Begin with the line that holds "(at 0 12.7)". Output it and all remaining lines of the material, verbatim, ending with the last.
+===+
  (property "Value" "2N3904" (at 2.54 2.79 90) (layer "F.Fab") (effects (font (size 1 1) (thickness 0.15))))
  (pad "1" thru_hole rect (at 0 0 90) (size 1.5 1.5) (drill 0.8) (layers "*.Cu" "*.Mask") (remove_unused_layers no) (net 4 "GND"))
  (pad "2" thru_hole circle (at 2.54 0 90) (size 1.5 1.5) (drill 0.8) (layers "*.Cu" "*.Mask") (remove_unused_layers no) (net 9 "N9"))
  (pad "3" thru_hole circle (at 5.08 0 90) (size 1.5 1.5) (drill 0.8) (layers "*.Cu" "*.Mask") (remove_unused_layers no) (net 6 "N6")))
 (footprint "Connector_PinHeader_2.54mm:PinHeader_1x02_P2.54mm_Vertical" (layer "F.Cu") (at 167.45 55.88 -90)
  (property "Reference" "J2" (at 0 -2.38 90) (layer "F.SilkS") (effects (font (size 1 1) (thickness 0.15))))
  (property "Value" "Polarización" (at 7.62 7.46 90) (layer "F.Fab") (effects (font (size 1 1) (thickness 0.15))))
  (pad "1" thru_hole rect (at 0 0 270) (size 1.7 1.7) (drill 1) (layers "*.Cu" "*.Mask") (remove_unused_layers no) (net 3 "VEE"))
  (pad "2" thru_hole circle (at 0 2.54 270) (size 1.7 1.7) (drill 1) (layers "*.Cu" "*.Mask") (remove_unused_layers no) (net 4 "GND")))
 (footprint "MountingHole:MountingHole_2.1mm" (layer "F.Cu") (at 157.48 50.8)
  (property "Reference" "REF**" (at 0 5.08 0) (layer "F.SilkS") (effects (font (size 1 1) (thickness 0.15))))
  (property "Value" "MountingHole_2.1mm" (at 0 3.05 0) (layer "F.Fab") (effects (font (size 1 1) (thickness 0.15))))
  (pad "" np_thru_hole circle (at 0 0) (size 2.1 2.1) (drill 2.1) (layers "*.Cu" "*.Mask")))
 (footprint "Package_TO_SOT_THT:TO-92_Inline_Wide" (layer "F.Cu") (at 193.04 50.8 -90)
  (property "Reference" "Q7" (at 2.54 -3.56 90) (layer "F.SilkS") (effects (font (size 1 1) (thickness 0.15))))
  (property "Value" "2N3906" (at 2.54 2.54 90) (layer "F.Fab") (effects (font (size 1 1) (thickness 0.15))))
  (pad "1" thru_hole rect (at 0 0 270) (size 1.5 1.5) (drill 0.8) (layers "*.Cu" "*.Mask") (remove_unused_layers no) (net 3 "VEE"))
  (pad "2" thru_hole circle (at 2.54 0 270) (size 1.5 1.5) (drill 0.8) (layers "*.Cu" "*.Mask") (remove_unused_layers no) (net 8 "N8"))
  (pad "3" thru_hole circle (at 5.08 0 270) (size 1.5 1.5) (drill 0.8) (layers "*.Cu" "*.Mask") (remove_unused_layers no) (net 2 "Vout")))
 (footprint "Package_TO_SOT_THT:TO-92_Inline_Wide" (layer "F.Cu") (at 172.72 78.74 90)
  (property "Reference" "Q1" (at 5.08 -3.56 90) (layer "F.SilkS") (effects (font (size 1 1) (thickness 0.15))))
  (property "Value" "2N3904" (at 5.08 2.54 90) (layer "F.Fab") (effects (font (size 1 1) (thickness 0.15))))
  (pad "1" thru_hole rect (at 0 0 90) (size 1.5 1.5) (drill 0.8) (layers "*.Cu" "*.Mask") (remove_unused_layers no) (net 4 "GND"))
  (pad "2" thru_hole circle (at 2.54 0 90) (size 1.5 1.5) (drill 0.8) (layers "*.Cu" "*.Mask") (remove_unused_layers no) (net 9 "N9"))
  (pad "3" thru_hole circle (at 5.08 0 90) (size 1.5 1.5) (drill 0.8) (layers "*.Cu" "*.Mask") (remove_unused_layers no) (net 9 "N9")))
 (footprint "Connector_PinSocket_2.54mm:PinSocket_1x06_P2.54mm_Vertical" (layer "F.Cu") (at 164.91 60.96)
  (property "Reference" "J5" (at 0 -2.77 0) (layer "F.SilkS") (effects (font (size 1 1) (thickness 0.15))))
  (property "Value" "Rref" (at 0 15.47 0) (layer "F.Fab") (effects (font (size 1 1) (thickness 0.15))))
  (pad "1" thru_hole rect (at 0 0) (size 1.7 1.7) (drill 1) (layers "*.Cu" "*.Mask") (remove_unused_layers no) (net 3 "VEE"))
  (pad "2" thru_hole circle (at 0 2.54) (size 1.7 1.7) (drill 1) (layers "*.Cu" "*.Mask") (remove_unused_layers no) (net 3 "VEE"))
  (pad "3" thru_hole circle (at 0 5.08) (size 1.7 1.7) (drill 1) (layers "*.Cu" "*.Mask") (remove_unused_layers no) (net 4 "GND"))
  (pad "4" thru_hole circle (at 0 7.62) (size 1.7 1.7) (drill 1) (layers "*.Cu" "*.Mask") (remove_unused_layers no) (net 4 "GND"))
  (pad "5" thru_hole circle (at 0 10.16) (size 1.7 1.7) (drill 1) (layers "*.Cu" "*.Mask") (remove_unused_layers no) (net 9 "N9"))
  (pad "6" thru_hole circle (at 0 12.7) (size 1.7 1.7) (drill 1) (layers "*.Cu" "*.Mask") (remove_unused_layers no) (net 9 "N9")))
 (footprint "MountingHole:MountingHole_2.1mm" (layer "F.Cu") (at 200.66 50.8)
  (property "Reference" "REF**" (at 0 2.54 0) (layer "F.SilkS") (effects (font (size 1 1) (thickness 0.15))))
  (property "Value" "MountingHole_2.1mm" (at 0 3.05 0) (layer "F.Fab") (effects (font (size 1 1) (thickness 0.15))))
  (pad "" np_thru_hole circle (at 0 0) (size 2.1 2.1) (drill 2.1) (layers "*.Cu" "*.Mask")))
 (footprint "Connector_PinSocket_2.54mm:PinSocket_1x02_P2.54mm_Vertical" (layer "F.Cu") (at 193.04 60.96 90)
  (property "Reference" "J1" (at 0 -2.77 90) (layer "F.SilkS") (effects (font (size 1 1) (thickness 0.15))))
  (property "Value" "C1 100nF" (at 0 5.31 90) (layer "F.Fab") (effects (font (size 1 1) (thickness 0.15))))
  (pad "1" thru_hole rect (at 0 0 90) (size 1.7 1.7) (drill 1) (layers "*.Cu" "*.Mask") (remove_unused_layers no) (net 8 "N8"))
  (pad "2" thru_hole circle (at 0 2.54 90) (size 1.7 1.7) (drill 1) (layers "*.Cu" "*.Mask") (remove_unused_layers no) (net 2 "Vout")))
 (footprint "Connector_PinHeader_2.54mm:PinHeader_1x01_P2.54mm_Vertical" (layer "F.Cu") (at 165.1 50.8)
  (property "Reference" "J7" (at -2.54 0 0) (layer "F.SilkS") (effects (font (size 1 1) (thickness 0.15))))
+===+
__ANSWER FOR THIS EXERCISE__.
  (pad "6" thru_hole circle (at 0 12.7) (size 1.7 1.7) (drill 1) (layers "*.Cu" "*.Mask") (remove_unused_layers no) (net 9 "N9")))
 (footprint "MountingHole:MountingHole_2.1mm" (layer "F.Cu") (at 200.66 50.8)
  (property "Reference" "REF**" (at 0 2.54 0) (layer "F.SilkS") (effects (font (size 1 1) (thickness 0.15))))
  (property "Value" "MountingHole_2.1mm" (at 0 3.05 0) (layer "F.Fab") (effects (font (size 1 1) (thickness 0.15))))
  (pad "" np_thru_hole circle (at 0 0) (size 2.1 2.1) (drill 2.1) (layers "*.Cu" "*.Mask")))
 (footprint "Connector_PinSocket_2.54mm:PinSocket_1x02_P2.54mm_Vertical" (layer "F.Cu") (at 193.04 60.96 90)
  (property "Reference" "J1" (at 0 -2.77 90) (layer "F.SilkS") (effects (font (size 1 1) (thickness 0.15))))
  (property "Value" "C1 100nF" (at 0 5.31 90) (layer "F.Fab") (effects (font (size 1 1) (thickness 0.15))))
  (pad "1" thru_hole rect (at 0 0 90) (size 1.7 1.7) (drill 1) (layers "*.Cu" "*.Mask") (remove_unused_layers no) (net 8 "N8"))
  (pad "2" thru_hole circle (at 0 2.54 90) (size 1.7 1.7) (drill 1) (layers "*.Cu" "*.Mask") (remove_unused_layers no) (net 2 "Vout")))
 (footprint "Connector_PinHeader_2.54mm:PinHeader_1x01_P2.54mm_Vertical" (layer "F.Cu") (at 165.1 50.8)
  (property "Reference" "J7" (at -2.54 0 0) (layer "F.SilkS") (effects (font (size 1 1) (thickness 0.15))))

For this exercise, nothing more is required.